Linking the HTLV-1 pre-integration complex to the chromatin

Human immunodeficiency virus type 1 (HIV-1) and human T-cell lymphotropic virus type 1 (HTLV-1) are the most notorious retroviruses since they are the cause of severe, disabling and sometimes fatal diseases. Ten to 20 million people worldwide are infected with HTLV-1. Of these individuals, about 10% will become ill. The most severe HTLV-1 induced diseases are adult T-cell leukaemia (ATL) and the neurological disorder HTLV-induced myelopathy/tropical spastic paraparesis (HAM/TSP). So far, treatment of HTLV-1 infected patients was proven to be very inefficient. Patients diagnosed with ATL, typically die within two years of presentation.

HTLV-1, like other retroviruses, are RNA viruses that reverse transcribe their RNA genome into DNA. A critical step in the lifecycle of retroviruses is the integration (or insertion) of this DNA copy into the host genome. This reaction is facilitated by the viral enzyme integrase. Where in the host genome the virus will integrate its DNA copy is not random and we know that integration in certain areas of the genome likely predispose the patients to disease. Our aim is to understand the mechanism of how the integration machinery choses where it will insert the viral DNA.

We have identified an important host protein complex, protein phosphatase 2A (PP2A), that specifically binds to HTLV-1 integrase and strongly stimulates integrase activity. We have also shown that when we use viruses mutated to lose its interaction with PP2A, infection is severely inhibited. PP2A does not bind DNA but has a wide range of substrates and binding partners that are associated with the human DNA. We hypothesize that the intasome uses PP2A as a bridging factor to bring the integration machinery to its site of integration, i.e. places in the genome that are enriched for substrates of PP2A.
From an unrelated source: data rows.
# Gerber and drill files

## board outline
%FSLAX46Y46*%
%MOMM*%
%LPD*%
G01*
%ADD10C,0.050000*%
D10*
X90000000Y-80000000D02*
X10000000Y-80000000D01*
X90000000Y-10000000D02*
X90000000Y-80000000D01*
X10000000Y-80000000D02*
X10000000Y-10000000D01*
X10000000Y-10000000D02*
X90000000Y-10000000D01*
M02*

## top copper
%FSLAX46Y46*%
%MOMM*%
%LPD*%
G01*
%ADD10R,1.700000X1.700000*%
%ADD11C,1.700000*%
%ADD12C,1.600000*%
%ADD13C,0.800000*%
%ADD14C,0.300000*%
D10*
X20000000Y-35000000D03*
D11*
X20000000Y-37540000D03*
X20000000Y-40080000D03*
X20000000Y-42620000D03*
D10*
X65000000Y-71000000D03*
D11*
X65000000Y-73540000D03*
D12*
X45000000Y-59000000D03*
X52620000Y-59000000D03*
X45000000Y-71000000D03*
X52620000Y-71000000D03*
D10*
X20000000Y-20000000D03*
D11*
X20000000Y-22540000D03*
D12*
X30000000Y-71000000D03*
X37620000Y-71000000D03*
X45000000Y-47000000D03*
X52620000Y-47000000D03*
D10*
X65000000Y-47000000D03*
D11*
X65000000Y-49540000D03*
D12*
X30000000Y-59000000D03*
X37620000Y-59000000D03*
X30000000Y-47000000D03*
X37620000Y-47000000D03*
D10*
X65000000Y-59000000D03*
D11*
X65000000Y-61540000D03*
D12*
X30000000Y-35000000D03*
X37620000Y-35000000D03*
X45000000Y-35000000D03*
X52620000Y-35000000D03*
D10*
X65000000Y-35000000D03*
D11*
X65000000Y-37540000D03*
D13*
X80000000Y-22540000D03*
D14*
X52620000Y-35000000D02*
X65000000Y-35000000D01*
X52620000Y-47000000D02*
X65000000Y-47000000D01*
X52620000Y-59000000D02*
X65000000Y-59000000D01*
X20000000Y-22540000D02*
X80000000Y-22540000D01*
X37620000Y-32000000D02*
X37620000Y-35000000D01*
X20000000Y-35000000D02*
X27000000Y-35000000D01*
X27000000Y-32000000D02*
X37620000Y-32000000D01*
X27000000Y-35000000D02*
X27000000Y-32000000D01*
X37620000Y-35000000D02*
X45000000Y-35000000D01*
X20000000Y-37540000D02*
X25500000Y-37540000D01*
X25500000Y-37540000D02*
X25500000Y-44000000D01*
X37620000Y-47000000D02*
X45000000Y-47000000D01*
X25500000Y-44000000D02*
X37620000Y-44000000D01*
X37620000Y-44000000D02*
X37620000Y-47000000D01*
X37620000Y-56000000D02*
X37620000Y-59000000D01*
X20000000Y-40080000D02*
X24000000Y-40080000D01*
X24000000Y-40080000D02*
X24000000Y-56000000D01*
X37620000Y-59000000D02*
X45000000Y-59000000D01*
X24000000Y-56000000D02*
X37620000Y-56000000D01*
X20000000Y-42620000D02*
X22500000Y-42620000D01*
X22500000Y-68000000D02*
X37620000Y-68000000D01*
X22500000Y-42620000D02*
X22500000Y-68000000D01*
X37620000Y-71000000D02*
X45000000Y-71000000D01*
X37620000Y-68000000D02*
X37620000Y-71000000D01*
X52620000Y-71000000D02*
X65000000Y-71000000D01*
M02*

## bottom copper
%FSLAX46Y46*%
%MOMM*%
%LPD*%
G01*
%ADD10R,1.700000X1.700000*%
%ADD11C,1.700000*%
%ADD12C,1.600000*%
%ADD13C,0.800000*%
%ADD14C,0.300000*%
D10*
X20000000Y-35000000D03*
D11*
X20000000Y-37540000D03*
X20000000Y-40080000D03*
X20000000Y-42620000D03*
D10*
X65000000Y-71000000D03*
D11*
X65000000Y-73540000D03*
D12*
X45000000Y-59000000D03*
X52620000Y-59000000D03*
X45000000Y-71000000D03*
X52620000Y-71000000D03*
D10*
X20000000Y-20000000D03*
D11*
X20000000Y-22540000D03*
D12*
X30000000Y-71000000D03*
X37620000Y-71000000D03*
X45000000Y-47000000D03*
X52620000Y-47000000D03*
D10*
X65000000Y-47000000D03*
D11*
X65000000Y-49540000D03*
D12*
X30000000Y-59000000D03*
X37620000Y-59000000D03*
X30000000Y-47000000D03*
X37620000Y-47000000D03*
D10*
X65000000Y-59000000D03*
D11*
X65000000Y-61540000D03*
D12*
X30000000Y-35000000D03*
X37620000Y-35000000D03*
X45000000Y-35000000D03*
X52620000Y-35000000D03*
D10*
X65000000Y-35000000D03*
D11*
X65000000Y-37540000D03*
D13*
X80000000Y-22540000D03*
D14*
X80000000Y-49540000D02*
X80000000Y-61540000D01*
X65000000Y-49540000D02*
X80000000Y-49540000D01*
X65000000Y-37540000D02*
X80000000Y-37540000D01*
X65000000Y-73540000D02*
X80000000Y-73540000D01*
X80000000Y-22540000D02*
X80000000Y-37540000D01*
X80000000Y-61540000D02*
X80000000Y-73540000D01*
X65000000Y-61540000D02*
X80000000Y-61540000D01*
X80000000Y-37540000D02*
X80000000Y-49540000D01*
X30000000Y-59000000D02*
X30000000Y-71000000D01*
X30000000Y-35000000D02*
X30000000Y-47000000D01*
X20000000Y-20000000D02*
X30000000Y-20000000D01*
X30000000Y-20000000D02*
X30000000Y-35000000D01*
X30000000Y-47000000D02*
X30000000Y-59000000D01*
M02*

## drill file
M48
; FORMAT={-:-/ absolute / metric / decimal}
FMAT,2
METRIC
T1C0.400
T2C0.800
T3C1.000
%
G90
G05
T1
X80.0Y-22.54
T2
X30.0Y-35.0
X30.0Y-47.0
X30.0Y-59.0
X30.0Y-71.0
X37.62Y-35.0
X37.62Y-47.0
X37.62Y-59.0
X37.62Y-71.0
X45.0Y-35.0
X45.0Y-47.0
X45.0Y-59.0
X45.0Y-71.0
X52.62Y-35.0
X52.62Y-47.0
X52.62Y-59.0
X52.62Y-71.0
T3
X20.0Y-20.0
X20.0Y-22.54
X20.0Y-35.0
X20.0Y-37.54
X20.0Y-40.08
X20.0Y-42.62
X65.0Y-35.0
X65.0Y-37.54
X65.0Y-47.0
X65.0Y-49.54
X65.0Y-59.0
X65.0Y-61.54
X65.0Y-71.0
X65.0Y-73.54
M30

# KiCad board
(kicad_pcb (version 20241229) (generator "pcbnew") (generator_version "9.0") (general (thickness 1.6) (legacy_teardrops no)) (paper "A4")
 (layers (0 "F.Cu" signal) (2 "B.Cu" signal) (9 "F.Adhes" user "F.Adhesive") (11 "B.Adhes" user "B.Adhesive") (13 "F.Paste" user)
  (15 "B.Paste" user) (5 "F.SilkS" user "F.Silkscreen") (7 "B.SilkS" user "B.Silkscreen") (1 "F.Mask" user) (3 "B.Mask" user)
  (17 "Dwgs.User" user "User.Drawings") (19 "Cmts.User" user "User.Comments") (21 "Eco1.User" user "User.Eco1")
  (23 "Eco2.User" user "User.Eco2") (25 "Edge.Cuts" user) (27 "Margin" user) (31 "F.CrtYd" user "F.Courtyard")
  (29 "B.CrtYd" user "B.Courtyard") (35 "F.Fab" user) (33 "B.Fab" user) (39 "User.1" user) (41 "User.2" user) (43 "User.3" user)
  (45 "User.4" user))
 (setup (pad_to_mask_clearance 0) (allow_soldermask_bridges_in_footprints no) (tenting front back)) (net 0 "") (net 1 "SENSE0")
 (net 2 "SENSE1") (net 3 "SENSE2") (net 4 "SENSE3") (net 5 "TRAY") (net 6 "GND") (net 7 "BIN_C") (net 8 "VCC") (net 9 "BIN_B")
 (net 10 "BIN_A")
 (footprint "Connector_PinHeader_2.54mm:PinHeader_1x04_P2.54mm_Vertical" (layer "F.Cu") (at 20 35)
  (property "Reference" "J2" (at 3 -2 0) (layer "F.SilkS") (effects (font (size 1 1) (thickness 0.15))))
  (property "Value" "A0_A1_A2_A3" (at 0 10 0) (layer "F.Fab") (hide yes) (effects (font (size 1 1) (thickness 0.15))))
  (pad "1" thru_hole rect (at 0 0) (size 1.7 1.7) (drill 1) (layers "*.Cu" "*.Mask") (remove_unused_layers no) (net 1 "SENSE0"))
  (pad "2" thru_hole circle (at 0 2.54) (size 1.7 1.7) (drill 1) (layers "*.Cu" "*.Mask") (remove_unused_layers no) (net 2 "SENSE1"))
  (pad "3" thru_hole circle (at 0 5.08) (size 1.7 1.7) (drill 1) (layers "*.Cu" "*.Mask") (remove_unused_layers no) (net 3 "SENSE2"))
  (pad "4" thru_hole circle (at 0 7.62) (size 1.7 1.7) (drill 1) (layers "*.Cu" "*.Mask") (remove_unused_layers no) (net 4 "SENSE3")))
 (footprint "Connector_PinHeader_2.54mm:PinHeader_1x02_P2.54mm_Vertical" (layer "F.Cu") (at 65 71)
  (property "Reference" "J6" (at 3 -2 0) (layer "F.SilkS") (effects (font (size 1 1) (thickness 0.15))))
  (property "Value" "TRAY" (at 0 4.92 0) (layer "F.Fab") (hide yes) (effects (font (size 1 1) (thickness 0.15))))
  (pad "1" thru_hole rect (at 0 0) (size 1.7 1.7) (drill 1) (layers "*.Cu" "*.Mask") (remove_unused_layers no) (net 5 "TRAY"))
  (pad "2" thru_hole circle (at 0 2.54) (size 1.7 1.7) (drill 1) (layers "*.Cu" "*.Mask") (remove_unused_layers no) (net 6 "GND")))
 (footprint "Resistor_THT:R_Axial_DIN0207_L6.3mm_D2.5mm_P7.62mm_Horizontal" (layer "F.Cu") (at 45 59)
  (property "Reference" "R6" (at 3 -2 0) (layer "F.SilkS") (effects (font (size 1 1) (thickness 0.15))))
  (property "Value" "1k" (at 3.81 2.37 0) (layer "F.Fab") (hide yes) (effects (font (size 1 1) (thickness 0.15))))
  (pad "1" thru_hole circle (at 0 0) (size 1.6 1.6) (drill 0.8) (layers "*.Cu" "*.Mask") (remove_unused_layers no) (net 3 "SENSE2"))
  (pad "2" thru_hole circle (at 7.62 0) (size 1.6 1.6) (drill 0.8) (layers "*.Cu" "*.Mask") (remove_unused_layers no) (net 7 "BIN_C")))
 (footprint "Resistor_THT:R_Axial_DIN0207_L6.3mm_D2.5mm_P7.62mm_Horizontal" (layer "F.Cu") (at 45 71)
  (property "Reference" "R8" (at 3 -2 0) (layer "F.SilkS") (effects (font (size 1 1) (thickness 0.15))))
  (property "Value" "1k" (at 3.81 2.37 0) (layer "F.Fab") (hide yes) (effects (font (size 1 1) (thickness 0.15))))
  (pad "1" thru_hole circle (at 0 0) (size 1.6 1.6) (drill 0.8) (layers "*.Cu" "*.Mask") (remove_unused_layers no) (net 4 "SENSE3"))
  (pad "2" thru_hole circle (at 7.62 0) (size 1.6 1.6) (drill 0.8) (layers "*.Cu" "*.Mask") (remove_unused_layers no) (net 5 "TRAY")))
We have recently identified a complex of chromatin-associated proteins that modulate chromatin compaction, influence gene expression and organisation of the cellular chromatin which (indirectly) associates with HTLV-1 integrase. We have shown that the structural integrity of the complex is essential to establish HTLV-1 infection. Here we aim to dissect which components are critical for HTLV-1 infection and integration and characterise the mechanism by which this chromatin-associated complex influences HTLV-1 infection. We also aim to solve the 3D structure of the integration machinery in complex with these host proteins.

Understanding this process will not only increase our understanding in HTLV-1 biology and possible chance of disease progression but will also propel cancer research forward since both PP2A and this chromatin complex are involved in a wide range of human diseases. Finally, identifying the mechanism by which HTLV-1 establishes infection, and structurally characterising the players involved in this process will also aid in the design and development of drugs that can specifically prevent the interaction between integrase and its host.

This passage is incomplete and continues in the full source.